[EXERCISE MATERIAL — start]

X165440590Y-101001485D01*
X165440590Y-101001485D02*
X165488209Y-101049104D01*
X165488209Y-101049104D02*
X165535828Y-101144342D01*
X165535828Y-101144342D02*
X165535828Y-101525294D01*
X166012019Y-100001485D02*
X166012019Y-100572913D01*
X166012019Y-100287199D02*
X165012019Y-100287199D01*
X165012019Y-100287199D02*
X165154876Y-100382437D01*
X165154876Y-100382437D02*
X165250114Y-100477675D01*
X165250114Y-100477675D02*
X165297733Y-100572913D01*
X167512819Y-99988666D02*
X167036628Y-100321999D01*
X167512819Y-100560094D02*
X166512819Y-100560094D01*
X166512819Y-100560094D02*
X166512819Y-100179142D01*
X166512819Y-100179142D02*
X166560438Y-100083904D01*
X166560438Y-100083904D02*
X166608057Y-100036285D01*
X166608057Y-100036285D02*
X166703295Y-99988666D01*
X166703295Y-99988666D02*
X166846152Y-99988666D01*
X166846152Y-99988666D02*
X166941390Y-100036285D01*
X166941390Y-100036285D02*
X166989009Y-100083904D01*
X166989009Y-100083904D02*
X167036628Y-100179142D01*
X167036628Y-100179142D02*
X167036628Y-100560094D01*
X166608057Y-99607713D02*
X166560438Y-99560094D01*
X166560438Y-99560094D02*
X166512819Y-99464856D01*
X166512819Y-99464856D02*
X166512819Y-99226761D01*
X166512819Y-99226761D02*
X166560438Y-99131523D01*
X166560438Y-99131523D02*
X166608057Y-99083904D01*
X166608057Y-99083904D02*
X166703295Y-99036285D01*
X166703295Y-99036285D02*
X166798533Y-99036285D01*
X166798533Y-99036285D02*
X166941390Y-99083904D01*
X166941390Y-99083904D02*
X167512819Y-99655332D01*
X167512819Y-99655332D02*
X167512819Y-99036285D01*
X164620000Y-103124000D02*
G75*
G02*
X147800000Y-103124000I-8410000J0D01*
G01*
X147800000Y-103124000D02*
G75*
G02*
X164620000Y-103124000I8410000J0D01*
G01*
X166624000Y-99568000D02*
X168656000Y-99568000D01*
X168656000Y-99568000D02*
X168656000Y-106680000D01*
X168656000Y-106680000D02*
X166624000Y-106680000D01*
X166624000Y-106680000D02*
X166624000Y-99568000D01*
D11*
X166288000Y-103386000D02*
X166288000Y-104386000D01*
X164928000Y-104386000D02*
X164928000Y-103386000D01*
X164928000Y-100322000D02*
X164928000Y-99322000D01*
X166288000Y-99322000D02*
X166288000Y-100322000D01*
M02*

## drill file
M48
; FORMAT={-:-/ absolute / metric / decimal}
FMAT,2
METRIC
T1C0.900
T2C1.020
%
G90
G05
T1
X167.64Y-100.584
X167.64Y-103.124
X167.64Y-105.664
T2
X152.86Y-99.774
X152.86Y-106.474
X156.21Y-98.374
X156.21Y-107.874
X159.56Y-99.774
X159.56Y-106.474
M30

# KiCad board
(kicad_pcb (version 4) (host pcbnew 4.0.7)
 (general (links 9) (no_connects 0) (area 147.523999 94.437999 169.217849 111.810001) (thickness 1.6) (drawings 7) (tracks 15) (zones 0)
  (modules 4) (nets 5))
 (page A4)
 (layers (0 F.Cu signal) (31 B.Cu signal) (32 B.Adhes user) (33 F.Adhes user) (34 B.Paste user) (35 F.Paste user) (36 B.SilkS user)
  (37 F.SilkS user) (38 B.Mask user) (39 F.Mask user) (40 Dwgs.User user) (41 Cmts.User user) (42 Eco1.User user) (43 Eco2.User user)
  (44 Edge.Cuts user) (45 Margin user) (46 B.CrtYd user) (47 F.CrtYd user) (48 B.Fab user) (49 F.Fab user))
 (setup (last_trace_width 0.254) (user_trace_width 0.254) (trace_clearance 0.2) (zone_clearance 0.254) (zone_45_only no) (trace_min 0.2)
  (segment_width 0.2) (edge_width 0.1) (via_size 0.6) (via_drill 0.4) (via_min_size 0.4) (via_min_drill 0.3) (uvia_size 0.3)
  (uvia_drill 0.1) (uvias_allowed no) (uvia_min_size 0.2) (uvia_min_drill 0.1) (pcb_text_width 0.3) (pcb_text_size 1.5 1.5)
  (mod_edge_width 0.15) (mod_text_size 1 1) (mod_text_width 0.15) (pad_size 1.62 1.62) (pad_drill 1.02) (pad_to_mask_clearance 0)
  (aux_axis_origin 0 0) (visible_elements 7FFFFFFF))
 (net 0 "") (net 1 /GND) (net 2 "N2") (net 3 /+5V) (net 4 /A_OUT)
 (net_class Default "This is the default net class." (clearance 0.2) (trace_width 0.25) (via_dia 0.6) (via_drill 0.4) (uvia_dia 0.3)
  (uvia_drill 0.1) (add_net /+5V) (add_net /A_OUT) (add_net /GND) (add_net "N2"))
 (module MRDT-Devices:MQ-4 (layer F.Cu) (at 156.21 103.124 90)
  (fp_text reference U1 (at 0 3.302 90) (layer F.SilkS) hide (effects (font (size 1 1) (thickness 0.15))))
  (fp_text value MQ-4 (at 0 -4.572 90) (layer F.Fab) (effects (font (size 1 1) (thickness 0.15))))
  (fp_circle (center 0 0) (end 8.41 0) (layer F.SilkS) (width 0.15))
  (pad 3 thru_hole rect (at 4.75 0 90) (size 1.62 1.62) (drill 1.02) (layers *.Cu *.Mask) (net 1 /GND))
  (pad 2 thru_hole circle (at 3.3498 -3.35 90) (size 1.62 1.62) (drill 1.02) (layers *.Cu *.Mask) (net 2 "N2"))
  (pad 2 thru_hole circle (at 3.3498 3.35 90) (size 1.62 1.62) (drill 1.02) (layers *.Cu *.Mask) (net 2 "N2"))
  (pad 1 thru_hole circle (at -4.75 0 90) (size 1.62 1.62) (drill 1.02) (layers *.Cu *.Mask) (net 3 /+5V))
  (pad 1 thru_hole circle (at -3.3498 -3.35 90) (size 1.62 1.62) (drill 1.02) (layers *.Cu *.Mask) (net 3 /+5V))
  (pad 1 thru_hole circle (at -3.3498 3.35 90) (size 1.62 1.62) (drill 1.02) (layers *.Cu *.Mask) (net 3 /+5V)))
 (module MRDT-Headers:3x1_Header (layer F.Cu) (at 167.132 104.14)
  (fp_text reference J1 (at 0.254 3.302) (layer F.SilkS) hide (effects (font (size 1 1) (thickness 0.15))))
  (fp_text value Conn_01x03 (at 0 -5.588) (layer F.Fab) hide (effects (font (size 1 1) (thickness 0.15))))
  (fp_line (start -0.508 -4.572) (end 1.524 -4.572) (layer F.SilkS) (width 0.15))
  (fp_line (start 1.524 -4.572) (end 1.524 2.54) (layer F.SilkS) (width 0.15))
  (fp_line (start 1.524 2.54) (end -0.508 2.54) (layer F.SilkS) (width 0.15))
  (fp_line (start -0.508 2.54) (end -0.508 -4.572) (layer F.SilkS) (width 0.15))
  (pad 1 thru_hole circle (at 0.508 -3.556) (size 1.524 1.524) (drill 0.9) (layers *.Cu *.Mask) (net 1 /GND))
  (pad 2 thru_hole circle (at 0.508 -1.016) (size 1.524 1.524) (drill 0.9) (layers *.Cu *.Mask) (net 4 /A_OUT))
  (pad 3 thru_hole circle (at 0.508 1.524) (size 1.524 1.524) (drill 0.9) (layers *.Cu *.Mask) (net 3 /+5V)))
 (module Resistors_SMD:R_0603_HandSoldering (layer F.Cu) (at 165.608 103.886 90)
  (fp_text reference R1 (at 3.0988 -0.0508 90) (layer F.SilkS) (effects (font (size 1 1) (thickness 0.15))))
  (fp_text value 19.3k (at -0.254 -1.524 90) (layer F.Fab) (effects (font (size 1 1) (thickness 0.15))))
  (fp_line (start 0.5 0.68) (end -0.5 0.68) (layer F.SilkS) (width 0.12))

[EXERCISE MATERIAL — finish]

● **WHAT YOU HAVE TO DO**: From the data above, output exactly the lines between the one containing "X166624000Y-99568000D01*" and the one containing "X167.64Y-100.584", counting both of them.

● **EXERCISE RESPONSE**:
X166624000Y-99568000D01*
D11*
X166288000Y-103386000D02*
X166288000Y-104386000D01*
X164928000Y-104386000D02*
X164928000Y-103386000D01*
X164928000Y-100322000D02*
X164928000Y-99322000D01*
X166288000Y-99322000D02*
X166288000Y-100322000D01*
M02*

## drill file
M48
; FORMAT={-:-/ absolute / metric / decimal}
FMAT,2
METRIC
T1C0.900
T2C1.020
%
G90
G05
T1
X167.64Y-100.584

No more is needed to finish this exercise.